Pentecost – and the coming of the Holy Spirit marks the end of the Christian Easter time and for many the birthday of the church. Looking at the feast I think we often misunderstood the feast as going out and making people Catholics or Protestants or any other denomination. In the times of Covid-19, where we understand how connected the world is we might be able once again to get a hint that this is falling much too short. Going out and proclaiming the gospel is much more than bringing people the Catechism of any church – the message of Pentecost underwriting the Easter gospel is the message of universal love and of universal togetherness; in a sense opening the doors of churches for a universal message: we are part of something much bigger, we are glued together through a cord of love, hope and faith as human mankind – it transcends creed, race and nations and is the underlying factor of our existence.
The Mystics, the Sufis, Kabbalists, the Buddhists and Hindus anyhow understood that oneness is the keyword to understand the world and the universe. The message of unconditional love, of brother- and sisterhood, the message of life’s fulness being much more than walking the earth for a while as a human being is written in capital letters over this feast of Pentecost.

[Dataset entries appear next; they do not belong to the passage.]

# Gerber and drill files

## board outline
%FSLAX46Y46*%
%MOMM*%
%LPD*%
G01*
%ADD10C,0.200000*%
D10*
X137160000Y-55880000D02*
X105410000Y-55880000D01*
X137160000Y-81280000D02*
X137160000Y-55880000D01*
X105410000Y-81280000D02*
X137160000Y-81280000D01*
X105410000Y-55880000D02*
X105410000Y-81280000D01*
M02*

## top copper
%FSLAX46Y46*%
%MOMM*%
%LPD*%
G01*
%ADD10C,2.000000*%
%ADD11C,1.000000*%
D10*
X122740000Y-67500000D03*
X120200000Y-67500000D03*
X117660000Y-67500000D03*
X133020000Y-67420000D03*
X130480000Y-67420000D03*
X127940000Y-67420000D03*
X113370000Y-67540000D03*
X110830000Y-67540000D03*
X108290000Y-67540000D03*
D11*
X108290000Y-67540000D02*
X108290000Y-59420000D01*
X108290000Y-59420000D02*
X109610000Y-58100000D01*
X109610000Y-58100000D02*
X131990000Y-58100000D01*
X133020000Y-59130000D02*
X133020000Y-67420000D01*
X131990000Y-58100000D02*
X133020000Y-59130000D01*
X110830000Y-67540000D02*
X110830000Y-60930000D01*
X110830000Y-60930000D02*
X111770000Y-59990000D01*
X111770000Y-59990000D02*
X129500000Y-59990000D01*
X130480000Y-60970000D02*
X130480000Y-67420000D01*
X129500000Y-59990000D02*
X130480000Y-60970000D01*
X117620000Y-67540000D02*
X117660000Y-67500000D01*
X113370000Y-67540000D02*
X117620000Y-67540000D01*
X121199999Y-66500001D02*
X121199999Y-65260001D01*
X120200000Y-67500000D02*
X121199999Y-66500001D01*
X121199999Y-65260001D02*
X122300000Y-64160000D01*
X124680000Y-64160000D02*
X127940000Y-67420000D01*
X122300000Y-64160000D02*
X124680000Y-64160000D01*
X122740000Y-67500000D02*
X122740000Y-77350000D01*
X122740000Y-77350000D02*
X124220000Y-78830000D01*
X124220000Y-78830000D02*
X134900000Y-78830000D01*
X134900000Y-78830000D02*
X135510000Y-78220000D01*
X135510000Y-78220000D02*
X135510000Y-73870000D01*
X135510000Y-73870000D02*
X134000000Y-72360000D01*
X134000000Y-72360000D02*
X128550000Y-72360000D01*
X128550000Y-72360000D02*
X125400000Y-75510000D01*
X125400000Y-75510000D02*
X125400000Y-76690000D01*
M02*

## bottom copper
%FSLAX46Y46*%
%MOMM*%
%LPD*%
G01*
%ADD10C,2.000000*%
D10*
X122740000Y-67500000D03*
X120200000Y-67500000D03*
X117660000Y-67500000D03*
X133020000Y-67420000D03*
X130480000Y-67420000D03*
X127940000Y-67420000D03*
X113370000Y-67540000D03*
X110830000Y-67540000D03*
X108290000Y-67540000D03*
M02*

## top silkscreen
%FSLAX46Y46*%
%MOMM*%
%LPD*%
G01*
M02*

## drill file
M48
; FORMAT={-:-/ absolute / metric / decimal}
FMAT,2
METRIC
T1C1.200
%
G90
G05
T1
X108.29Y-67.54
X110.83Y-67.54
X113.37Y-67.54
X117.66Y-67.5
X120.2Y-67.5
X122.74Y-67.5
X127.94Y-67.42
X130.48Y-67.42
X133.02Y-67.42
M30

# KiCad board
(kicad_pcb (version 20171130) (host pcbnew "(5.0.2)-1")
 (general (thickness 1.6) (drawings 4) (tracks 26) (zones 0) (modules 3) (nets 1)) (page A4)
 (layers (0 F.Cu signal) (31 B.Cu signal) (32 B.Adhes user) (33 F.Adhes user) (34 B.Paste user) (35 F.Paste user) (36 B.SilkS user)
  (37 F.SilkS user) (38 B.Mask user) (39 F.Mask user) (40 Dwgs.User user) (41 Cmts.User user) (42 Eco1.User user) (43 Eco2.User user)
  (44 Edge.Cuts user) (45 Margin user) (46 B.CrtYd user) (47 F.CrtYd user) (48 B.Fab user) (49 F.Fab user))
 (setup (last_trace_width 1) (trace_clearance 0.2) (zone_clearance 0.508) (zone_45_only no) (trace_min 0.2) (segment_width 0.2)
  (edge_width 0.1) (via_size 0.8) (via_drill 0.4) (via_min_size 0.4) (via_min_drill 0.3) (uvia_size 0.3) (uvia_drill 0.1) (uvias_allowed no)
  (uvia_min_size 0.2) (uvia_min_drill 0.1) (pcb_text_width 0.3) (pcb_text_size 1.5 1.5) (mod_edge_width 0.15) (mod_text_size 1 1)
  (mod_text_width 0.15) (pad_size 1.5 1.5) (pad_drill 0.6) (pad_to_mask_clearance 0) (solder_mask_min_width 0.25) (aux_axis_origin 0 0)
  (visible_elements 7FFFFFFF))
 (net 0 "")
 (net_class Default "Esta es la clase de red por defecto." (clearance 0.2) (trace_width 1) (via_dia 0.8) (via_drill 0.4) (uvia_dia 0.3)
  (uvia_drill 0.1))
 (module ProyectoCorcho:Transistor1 (layer F.Cu) (at 120.2 67.5)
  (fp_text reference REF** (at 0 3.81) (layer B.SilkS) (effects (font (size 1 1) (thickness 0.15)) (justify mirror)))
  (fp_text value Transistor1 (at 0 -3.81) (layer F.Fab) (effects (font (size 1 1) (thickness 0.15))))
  (pad 3 thru_hole circle (at 2.54 0) (size 2 2) (drill 1.2) (layers *.Cu *.Mask))
  (pad 2 thru_hole circle (at 0 0) (size 2 2) (drill 1.2) (layers *.Cu *.Mask))
  (pad 1 thru_hole circle (at -2.54 0) (size 2 2) (drill 1.2) (layers *.Cu *.Mask)))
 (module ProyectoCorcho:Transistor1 (layer F.Cu) (at 130.48 67.42)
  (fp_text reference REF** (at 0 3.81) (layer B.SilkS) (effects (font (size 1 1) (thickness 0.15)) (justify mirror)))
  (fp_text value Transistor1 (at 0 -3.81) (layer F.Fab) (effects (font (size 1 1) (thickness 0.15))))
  (pad 3 thru_hole circle (at 2.54 0) (size 2 2) (drill 1.2) (layers *.Cu *.Mask))
  (pad 2 thru_hole circle (at 0 0) (size 2 2) (drill 1.2) (layers *.Cu *.Mask))
  (pad 1 thru_hole circle (at -2.54 0) (size 2 2) (drill 1.2) (layers *.Cu *.Mask)))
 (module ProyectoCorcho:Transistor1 (layer F.Cu) (at 110.83 67.54)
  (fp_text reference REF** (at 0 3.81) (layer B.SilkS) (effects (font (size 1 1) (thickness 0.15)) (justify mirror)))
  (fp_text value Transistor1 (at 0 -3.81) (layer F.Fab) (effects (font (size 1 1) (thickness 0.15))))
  (pad 3 thru_hole circle (at 2.54 0) (size 2 2) (drill 1.2) (layers *.Cu *.Mask))
  (pad 2 thru_hole circle (at 0 0) (size 2 2) (drill 1.2) (layers *.Cu *.Mask))
  (pad 1 thru_hole circle (at -2.54 0) (size 2 2) (drill 1.2) (layers *.Cu *.Mask)))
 (gr_line (start 137.16 55.88) (end 105.41 55.88) (layer Edge.Cuts) (width 0.2))
 (gr_line (start 137.16 81.28) (end 137.16 55.88) (layer Edge.Cuts) (width 0.2))
 (gr_line (start 105.41 81.28) (end 137.16 81.28) (layer Edge.Cuts) (width 0.2))
 (gr_line (start 105.41 55.88) (end 105.41 81.28) (layer Edge.Cuts) (width 0.2))
 (segment (start 108.29 67.54) (end 108.29 59.42) (width 1) (layer F.Cu) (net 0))
 (segment (start 108.29 59.42) (end 109.61 58.1) (width 1) (layer F.Cu) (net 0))
 (segment (start 109.61 58.1) (end 131.99 58.1) (width 1) (layer F.Cu) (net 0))
 (segment (start 133.02 59.13) (end 133.02 67.42) (width 1) (layer F.Cu) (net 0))
 (segment (start 131.99 58.1) (end 133.02 59.13) (width 1) (layer F.Cu) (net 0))
 (segment (start 110.83 67.54) (end 110.83 60.93) (width 1) (layer F.Cu) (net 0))
 (segment (start 110.83 60.93) (end 111.77 59.99) (width 1) (layer F.Cu) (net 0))
 (segment (start 111.77 59.99) (end 129.5 59.99) (width 1) (layer F.Cu) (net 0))
 (segment (start 130.48 60.97) (end 130.48 67.42) (width 1) (layer F.Cu) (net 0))
 (segment (start 129.5 59.99) (end 130.48 60.97) (width 1) (layer F.Cu) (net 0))
 (segment (start 117.62 67.54) (end 117.66 67.5) (width 1) (layer F.Cu) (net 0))
 (segment (start 113.37 67.54) (end 117.62 67.54) (width 1) (layer F.Cu) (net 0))
 (segment (start 121.199999 66.500001) (end 121.199999 65.260001) (width 1) (layer F.Cu) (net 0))
 (segment (start 120.2 67.5) (end 121.199999 66.500001) (width 1) (layer F.Cu) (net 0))
 (segment (start 121.199999 65.260001) (end 122.3 64.16) (width 1) (layer F.Cu) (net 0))
 (segment (start 124.68 64.16) (end 127.94 67.42) (width 1) (layer F.Cu) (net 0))
 (segment (start 122.3 64.16) (end 124.68 64.16) (width 1) (layer F.Cu) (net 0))
 (segment (start 122.74 67.5) (end 122.74 77.35) (width 1) (layer F.Cu) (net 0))
 (segment (start 122.74 77.35) (end 124.22 78.83) (width 1) (layer F.Cu) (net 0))
 (segment (start 124.22 78.83) (end 134.9 78.83) (width 1) (layer F.Cu) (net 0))
 (segment (start 134.9 78.83) (end 135.51 78.22) (width 1) (layer F.Cu) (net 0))
 (segment (start 135.51 78.22) (end 135.51 73.87) (width 1) (layer F.Cu) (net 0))
 (segment (start 135.51 73.87) (end 134 72.36) (width 1) (layer F.Cu) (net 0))
 (segment (start 134 72.36) (end 128.55 72.36) (width 1) (layer F.Cu) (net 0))
 (segment (start 128.55 72.36) (end 125.4 75.51) (width 1) (layer F.Cu) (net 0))
 (segment (start 125.4 75.51) (end 125.4 76.69) (width 1) (layer F.Cu) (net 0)))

“Now there were staying in Jerusalem God-fearing Jews from every nation under heaven. When they heard this sound, a crowd came together in bewilderment, because each one heard them speaking in his own language. Utterly amazed, they asked: “Are not all these men who are speaking Galileans? Then how is it that each of us hears them in his own native language?Parthians, Medes and Elamites; residents of Mesopotamia, Judea and Cappadocia, Pontus and Asia, Phrygia and Pamphylia, Egypt and the parts of Libya near Cyrene; visitors from Rome (both Jews and converts to Judaism); Cretans and Arabs–we hear them declaring the wonders of God in our own tongues!” Amazed and perplexed, they asked one another, “What does this mean?””
What does it mean?
We are used to defining us by belonging to a creed, to a nation, even to race, to a society, but maybe the double pack of Covid-19 and Pentecost can remind us, that there is only one race in one world; and this human race is being part, not master of a wider world. The brutal and senseless death of Georg Floyd in Minneapolis though the unashamed open action of a white police officer in broad daylight has opened our pentecostal eyes how far we are away to understand the question of one race and a dignity for all. And only if we have taken this very first step of understanding the one race matter, we are able to open up to a sensitivity which allows us to see the fundament of oneness on which all the diversity of societies and religions stand. If we want to really hear each other, if we really want to understand each other, if we really want to touch each other’s life we have to feel our feet grounded firmly on the oneness of the world and the inner connection which exists in the universe.
Every creed, every form of society and every nation, every community remains important as a guiding tool and a place to feel home, but only when the uniqueness is connected to the diversity by the sense of an underlying oneness this world as we know it will have a chance to prosper and develop as a home for all.